→ **WORK ORDER**
Going through the entries below, copy out each line that contains "MountingHole".

→ **DATA EXCERPTS**
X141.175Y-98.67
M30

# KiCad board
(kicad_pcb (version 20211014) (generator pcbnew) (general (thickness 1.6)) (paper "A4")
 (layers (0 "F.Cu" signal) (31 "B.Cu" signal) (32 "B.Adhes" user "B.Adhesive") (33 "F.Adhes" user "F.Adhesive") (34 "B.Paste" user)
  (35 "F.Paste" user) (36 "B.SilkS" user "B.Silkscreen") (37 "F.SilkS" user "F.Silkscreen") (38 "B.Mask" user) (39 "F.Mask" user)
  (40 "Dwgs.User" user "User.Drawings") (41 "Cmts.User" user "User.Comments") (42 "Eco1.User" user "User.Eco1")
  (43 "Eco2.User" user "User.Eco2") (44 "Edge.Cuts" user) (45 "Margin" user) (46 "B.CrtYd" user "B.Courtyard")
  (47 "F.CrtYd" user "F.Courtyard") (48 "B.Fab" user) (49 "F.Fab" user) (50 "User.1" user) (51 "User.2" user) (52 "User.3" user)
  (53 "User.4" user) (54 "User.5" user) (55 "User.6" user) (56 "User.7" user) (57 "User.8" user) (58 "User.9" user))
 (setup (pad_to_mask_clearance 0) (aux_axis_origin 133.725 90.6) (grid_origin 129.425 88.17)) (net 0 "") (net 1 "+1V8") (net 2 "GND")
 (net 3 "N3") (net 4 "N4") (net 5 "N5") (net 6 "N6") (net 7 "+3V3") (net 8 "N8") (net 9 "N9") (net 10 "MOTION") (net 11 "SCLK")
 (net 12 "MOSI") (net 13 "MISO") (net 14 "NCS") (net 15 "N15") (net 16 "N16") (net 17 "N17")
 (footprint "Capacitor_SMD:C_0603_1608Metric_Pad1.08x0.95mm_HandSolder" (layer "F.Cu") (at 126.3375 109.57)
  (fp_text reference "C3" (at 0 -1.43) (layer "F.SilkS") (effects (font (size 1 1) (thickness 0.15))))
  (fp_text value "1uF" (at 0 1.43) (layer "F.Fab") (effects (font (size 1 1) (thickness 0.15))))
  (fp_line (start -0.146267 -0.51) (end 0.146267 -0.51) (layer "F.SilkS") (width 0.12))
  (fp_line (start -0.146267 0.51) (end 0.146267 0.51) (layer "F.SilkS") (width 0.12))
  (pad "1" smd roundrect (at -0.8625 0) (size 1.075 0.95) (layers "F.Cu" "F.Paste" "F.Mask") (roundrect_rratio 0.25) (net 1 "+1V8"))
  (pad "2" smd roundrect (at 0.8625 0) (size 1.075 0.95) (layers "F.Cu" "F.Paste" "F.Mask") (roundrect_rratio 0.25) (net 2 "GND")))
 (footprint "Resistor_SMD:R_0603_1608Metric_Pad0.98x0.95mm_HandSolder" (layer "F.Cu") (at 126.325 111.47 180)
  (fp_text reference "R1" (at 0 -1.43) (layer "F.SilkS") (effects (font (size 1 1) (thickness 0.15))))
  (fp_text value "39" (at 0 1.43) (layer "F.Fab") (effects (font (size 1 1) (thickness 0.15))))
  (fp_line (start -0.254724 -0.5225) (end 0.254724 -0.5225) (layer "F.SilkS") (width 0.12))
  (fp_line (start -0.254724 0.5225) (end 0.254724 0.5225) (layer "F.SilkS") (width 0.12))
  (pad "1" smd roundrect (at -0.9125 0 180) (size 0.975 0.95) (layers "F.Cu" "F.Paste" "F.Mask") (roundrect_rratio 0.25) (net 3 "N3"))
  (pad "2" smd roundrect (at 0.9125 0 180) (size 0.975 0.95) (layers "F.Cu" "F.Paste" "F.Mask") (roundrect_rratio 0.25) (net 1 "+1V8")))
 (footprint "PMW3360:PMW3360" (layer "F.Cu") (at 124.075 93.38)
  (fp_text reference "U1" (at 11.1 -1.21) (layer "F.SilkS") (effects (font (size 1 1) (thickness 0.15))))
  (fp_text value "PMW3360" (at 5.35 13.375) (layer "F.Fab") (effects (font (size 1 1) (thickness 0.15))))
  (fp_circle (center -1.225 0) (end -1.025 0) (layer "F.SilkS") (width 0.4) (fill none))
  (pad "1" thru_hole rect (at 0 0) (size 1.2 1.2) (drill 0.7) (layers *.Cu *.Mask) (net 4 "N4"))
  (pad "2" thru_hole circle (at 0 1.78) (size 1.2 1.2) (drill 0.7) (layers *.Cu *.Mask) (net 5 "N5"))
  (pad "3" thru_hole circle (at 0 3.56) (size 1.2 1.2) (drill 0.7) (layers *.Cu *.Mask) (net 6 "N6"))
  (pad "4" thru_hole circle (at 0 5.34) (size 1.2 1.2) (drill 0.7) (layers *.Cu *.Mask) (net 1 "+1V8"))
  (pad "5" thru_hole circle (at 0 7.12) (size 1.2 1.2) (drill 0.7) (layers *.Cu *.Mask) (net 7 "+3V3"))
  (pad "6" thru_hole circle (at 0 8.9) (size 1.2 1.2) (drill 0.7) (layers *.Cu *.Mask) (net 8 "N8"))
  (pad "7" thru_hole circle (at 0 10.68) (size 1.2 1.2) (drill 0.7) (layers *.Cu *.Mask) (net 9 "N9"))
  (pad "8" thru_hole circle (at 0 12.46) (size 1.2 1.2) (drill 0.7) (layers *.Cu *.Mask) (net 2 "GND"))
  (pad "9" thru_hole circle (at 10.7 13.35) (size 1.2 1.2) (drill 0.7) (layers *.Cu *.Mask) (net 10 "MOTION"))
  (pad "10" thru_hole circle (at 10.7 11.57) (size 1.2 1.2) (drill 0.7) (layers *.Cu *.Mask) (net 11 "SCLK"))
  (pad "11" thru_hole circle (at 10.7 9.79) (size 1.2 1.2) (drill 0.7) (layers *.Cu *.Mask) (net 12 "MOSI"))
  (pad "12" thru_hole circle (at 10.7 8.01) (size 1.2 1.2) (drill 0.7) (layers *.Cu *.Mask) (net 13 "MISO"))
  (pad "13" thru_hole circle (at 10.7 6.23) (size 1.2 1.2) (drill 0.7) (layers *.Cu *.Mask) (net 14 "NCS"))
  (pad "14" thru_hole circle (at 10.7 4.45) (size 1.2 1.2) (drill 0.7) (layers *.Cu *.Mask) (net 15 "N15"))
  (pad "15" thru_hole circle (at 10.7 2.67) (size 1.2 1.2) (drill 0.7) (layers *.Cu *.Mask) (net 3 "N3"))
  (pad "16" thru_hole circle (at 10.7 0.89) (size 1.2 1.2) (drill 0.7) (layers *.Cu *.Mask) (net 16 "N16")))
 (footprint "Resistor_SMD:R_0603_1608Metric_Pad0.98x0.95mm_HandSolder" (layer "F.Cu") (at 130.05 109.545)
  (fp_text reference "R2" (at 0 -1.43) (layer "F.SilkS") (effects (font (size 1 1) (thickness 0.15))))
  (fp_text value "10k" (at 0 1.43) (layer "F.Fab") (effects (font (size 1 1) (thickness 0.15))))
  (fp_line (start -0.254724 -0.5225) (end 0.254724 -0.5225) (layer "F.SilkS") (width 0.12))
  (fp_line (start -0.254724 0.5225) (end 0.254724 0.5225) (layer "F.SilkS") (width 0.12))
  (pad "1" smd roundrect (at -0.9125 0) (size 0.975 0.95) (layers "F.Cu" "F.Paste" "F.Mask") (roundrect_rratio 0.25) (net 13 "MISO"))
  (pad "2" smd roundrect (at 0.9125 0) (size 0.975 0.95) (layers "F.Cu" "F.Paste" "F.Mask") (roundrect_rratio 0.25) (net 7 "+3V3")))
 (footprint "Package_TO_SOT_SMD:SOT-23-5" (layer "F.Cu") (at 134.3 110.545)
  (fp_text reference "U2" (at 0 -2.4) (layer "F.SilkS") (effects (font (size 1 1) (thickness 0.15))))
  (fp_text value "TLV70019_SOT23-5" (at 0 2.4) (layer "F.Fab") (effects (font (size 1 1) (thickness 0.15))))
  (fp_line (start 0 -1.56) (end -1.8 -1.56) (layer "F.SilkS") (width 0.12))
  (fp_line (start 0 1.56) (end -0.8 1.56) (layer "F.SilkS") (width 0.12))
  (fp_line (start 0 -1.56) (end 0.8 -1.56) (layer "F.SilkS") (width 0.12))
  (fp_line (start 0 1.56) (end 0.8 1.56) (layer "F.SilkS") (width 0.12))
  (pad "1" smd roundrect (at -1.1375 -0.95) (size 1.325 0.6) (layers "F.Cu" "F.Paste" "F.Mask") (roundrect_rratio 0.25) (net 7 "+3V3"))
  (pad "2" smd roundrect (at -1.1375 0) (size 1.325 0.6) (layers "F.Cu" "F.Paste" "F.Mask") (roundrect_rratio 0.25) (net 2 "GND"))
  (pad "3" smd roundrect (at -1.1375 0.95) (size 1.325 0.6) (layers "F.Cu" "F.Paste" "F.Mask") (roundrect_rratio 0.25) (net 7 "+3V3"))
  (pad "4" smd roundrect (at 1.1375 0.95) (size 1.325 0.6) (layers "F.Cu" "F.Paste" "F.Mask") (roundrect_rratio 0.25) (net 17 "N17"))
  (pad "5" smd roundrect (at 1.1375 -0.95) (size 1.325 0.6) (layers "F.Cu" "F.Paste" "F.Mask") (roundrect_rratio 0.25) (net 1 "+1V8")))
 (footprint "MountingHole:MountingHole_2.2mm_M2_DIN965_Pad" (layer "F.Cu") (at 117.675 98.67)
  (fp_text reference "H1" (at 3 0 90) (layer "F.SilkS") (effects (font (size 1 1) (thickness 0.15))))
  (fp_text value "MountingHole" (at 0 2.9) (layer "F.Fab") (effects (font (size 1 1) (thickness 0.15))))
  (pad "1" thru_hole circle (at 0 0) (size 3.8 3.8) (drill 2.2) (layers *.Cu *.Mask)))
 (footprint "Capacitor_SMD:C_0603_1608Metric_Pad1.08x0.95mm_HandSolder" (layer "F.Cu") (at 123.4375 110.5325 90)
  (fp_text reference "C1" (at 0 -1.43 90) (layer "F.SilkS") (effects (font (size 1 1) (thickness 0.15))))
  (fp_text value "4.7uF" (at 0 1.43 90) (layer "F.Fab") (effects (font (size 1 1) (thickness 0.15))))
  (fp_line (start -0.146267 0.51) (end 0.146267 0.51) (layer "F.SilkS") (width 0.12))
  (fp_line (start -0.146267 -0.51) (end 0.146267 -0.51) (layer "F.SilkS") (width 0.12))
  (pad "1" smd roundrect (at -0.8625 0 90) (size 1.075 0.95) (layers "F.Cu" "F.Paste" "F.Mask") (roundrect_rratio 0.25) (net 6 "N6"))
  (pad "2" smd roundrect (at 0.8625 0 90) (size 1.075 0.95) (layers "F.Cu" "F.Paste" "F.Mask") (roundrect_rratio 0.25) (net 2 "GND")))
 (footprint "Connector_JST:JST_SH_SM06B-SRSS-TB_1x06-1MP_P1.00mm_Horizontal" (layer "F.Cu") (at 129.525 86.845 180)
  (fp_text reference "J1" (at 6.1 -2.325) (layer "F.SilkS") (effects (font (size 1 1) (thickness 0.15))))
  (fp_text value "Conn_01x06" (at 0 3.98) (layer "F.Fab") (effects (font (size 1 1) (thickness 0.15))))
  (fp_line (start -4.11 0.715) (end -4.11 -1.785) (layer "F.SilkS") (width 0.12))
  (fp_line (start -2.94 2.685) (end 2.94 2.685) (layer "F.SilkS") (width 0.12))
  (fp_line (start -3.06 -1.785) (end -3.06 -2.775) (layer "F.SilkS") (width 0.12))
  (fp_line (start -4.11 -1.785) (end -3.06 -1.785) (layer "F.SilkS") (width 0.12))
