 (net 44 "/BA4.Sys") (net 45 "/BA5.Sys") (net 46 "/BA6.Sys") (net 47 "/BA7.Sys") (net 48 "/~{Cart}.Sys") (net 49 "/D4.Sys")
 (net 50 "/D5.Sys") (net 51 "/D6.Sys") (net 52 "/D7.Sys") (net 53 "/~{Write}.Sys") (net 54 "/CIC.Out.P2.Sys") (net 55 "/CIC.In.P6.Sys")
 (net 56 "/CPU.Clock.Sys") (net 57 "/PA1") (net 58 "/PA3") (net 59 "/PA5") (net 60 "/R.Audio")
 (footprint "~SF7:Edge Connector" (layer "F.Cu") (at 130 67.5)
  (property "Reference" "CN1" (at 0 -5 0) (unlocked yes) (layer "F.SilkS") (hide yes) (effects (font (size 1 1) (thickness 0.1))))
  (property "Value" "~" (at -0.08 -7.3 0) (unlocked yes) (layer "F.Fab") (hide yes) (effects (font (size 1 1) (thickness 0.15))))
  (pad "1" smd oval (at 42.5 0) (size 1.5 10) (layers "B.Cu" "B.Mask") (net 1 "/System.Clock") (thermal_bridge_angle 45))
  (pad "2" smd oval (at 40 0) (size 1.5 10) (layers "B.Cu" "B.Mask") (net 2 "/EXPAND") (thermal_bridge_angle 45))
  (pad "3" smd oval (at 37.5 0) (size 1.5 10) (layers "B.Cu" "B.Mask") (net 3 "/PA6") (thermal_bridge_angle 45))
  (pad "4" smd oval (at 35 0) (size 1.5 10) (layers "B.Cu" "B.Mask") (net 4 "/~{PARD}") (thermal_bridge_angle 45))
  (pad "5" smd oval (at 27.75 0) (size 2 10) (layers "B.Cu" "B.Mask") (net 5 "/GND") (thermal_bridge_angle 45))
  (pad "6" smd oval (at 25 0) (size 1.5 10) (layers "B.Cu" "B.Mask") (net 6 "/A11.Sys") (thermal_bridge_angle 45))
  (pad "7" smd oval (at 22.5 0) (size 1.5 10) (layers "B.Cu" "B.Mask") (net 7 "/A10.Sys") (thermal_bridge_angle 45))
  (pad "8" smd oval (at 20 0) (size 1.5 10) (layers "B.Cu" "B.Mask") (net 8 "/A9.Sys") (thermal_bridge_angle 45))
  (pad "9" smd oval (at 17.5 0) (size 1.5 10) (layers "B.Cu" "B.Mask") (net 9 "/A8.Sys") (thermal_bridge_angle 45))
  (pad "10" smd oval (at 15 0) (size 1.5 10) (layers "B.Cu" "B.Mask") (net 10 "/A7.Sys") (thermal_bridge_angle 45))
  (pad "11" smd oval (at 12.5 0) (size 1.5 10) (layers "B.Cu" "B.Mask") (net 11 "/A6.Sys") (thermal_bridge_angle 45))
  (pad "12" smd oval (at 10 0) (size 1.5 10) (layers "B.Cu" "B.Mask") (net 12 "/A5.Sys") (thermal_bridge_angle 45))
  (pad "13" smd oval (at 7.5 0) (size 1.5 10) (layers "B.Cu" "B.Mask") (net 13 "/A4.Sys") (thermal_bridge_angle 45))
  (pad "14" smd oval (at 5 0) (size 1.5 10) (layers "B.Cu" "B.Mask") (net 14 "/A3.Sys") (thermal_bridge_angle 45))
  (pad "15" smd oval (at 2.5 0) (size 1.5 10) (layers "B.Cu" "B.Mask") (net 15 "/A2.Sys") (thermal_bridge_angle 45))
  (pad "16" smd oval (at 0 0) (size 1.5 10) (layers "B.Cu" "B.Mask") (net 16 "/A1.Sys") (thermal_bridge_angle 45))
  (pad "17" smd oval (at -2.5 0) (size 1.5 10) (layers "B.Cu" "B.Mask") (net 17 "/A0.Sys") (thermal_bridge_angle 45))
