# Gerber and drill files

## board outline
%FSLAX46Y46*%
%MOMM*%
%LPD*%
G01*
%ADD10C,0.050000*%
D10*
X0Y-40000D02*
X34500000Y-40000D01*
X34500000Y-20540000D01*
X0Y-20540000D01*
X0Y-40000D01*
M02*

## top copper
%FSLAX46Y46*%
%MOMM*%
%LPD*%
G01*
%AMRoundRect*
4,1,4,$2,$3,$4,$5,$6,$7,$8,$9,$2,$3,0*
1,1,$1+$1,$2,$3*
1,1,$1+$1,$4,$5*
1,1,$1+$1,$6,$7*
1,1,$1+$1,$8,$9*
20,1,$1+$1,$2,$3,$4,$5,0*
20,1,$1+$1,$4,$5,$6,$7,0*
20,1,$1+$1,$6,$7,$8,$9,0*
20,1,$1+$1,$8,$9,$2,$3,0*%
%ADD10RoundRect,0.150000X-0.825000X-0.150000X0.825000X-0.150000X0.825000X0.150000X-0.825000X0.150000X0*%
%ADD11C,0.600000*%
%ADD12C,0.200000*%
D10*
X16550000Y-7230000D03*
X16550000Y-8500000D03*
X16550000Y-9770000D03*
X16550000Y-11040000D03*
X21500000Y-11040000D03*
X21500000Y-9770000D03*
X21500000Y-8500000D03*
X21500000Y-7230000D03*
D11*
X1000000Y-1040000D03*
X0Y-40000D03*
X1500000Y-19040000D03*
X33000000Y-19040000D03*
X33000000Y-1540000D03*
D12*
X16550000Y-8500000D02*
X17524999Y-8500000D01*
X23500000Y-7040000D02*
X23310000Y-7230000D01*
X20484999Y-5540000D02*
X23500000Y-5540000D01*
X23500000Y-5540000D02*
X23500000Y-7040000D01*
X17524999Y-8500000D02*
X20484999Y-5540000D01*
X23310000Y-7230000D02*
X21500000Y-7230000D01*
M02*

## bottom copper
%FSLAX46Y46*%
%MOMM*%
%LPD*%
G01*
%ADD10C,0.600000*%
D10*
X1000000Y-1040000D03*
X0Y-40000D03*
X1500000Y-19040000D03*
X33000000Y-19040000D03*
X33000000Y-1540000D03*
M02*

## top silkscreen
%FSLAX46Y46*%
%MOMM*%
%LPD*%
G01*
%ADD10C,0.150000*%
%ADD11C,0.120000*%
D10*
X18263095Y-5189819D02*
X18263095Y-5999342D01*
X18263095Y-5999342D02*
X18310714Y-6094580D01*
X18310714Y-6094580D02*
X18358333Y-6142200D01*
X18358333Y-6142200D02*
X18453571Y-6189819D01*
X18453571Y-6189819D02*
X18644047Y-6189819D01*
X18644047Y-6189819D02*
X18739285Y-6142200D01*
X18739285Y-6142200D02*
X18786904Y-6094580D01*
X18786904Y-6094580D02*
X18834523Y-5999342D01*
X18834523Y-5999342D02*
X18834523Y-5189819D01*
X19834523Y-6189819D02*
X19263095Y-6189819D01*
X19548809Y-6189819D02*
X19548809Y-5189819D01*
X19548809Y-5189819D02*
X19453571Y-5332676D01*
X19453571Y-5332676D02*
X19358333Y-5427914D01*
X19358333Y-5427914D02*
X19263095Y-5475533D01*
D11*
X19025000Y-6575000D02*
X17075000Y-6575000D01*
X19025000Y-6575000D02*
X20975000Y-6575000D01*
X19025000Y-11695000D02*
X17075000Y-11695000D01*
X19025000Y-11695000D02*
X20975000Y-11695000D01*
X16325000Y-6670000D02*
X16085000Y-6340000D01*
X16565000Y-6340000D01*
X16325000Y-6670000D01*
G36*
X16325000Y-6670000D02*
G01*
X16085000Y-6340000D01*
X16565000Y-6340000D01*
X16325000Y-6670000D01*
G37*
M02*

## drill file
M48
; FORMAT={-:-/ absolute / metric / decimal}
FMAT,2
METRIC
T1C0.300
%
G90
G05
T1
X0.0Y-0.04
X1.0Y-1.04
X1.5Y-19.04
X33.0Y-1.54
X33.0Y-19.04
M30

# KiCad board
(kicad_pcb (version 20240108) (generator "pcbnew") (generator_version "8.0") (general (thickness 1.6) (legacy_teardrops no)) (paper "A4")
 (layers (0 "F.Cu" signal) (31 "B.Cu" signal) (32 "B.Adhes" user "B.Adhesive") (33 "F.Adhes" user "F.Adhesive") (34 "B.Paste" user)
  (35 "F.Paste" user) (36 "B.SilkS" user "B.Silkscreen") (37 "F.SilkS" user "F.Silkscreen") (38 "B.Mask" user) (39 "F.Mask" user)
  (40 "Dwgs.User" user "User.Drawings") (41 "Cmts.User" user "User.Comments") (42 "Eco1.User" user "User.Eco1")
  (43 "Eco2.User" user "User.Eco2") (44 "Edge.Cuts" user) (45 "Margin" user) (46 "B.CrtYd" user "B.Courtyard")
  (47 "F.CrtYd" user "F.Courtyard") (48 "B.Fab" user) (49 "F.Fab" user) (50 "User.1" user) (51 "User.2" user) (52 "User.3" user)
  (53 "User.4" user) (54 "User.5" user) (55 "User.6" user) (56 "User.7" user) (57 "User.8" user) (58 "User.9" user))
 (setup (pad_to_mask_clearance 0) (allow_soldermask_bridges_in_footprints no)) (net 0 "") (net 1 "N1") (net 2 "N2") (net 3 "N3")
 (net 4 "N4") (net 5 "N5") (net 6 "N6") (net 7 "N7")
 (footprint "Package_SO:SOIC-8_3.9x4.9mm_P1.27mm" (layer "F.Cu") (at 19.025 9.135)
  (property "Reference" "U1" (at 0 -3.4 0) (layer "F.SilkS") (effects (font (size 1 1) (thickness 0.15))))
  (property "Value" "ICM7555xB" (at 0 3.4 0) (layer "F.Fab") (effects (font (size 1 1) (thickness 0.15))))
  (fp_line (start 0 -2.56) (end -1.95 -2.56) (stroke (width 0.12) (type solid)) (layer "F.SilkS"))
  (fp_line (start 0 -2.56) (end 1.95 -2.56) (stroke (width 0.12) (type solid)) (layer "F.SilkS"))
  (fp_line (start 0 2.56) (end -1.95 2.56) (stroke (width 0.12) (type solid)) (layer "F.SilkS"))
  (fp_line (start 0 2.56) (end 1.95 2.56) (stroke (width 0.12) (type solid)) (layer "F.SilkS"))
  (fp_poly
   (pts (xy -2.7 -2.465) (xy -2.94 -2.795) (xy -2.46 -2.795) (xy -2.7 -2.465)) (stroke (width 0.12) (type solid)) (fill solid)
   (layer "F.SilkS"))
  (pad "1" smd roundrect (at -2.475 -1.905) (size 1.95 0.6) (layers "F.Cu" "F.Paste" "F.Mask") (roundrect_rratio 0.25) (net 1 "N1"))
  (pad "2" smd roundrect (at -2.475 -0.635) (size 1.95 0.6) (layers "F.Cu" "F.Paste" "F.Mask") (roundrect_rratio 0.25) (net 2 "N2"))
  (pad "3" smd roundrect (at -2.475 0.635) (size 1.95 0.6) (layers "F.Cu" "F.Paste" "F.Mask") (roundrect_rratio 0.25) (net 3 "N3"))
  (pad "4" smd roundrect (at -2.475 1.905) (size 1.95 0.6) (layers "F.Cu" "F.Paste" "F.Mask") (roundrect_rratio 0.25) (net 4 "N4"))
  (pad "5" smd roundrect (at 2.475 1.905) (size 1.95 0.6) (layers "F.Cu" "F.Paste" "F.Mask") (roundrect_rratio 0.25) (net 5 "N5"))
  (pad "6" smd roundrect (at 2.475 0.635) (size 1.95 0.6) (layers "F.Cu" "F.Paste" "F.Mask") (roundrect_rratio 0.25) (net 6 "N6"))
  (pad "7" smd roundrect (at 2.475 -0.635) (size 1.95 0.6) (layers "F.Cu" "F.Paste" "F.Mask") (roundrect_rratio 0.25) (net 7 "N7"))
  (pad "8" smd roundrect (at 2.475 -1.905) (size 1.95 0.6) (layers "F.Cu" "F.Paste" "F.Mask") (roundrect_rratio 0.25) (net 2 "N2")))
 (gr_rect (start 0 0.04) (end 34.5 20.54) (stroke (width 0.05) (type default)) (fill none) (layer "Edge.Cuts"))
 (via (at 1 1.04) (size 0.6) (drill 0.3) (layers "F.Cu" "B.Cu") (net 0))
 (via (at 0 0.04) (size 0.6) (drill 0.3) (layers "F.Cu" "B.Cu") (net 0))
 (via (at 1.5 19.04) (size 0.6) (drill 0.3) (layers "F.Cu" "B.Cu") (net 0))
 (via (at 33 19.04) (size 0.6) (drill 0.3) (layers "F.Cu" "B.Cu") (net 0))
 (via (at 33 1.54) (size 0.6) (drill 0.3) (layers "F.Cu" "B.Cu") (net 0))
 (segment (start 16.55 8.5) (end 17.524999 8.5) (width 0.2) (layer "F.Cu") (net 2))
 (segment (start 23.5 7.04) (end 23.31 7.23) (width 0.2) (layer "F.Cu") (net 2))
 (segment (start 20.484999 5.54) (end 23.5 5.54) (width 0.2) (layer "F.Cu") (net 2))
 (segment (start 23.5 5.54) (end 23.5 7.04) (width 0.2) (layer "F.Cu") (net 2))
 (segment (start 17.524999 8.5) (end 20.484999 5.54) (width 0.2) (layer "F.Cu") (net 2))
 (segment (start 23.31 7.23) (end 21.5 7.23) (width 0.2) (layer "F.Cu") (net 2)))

→ **WRITTEN SOLUTION**
 (footprint "MountingHole:MountingHole_2.2mm_M2_DIN965_Pad" (layer "F.Cu") (at 117.675 98.67)
  (fp_text value "MountingHole" (at 0 2.9) (layer "F.Fab") (effects (font (size 1 1) (thickness 0.15))))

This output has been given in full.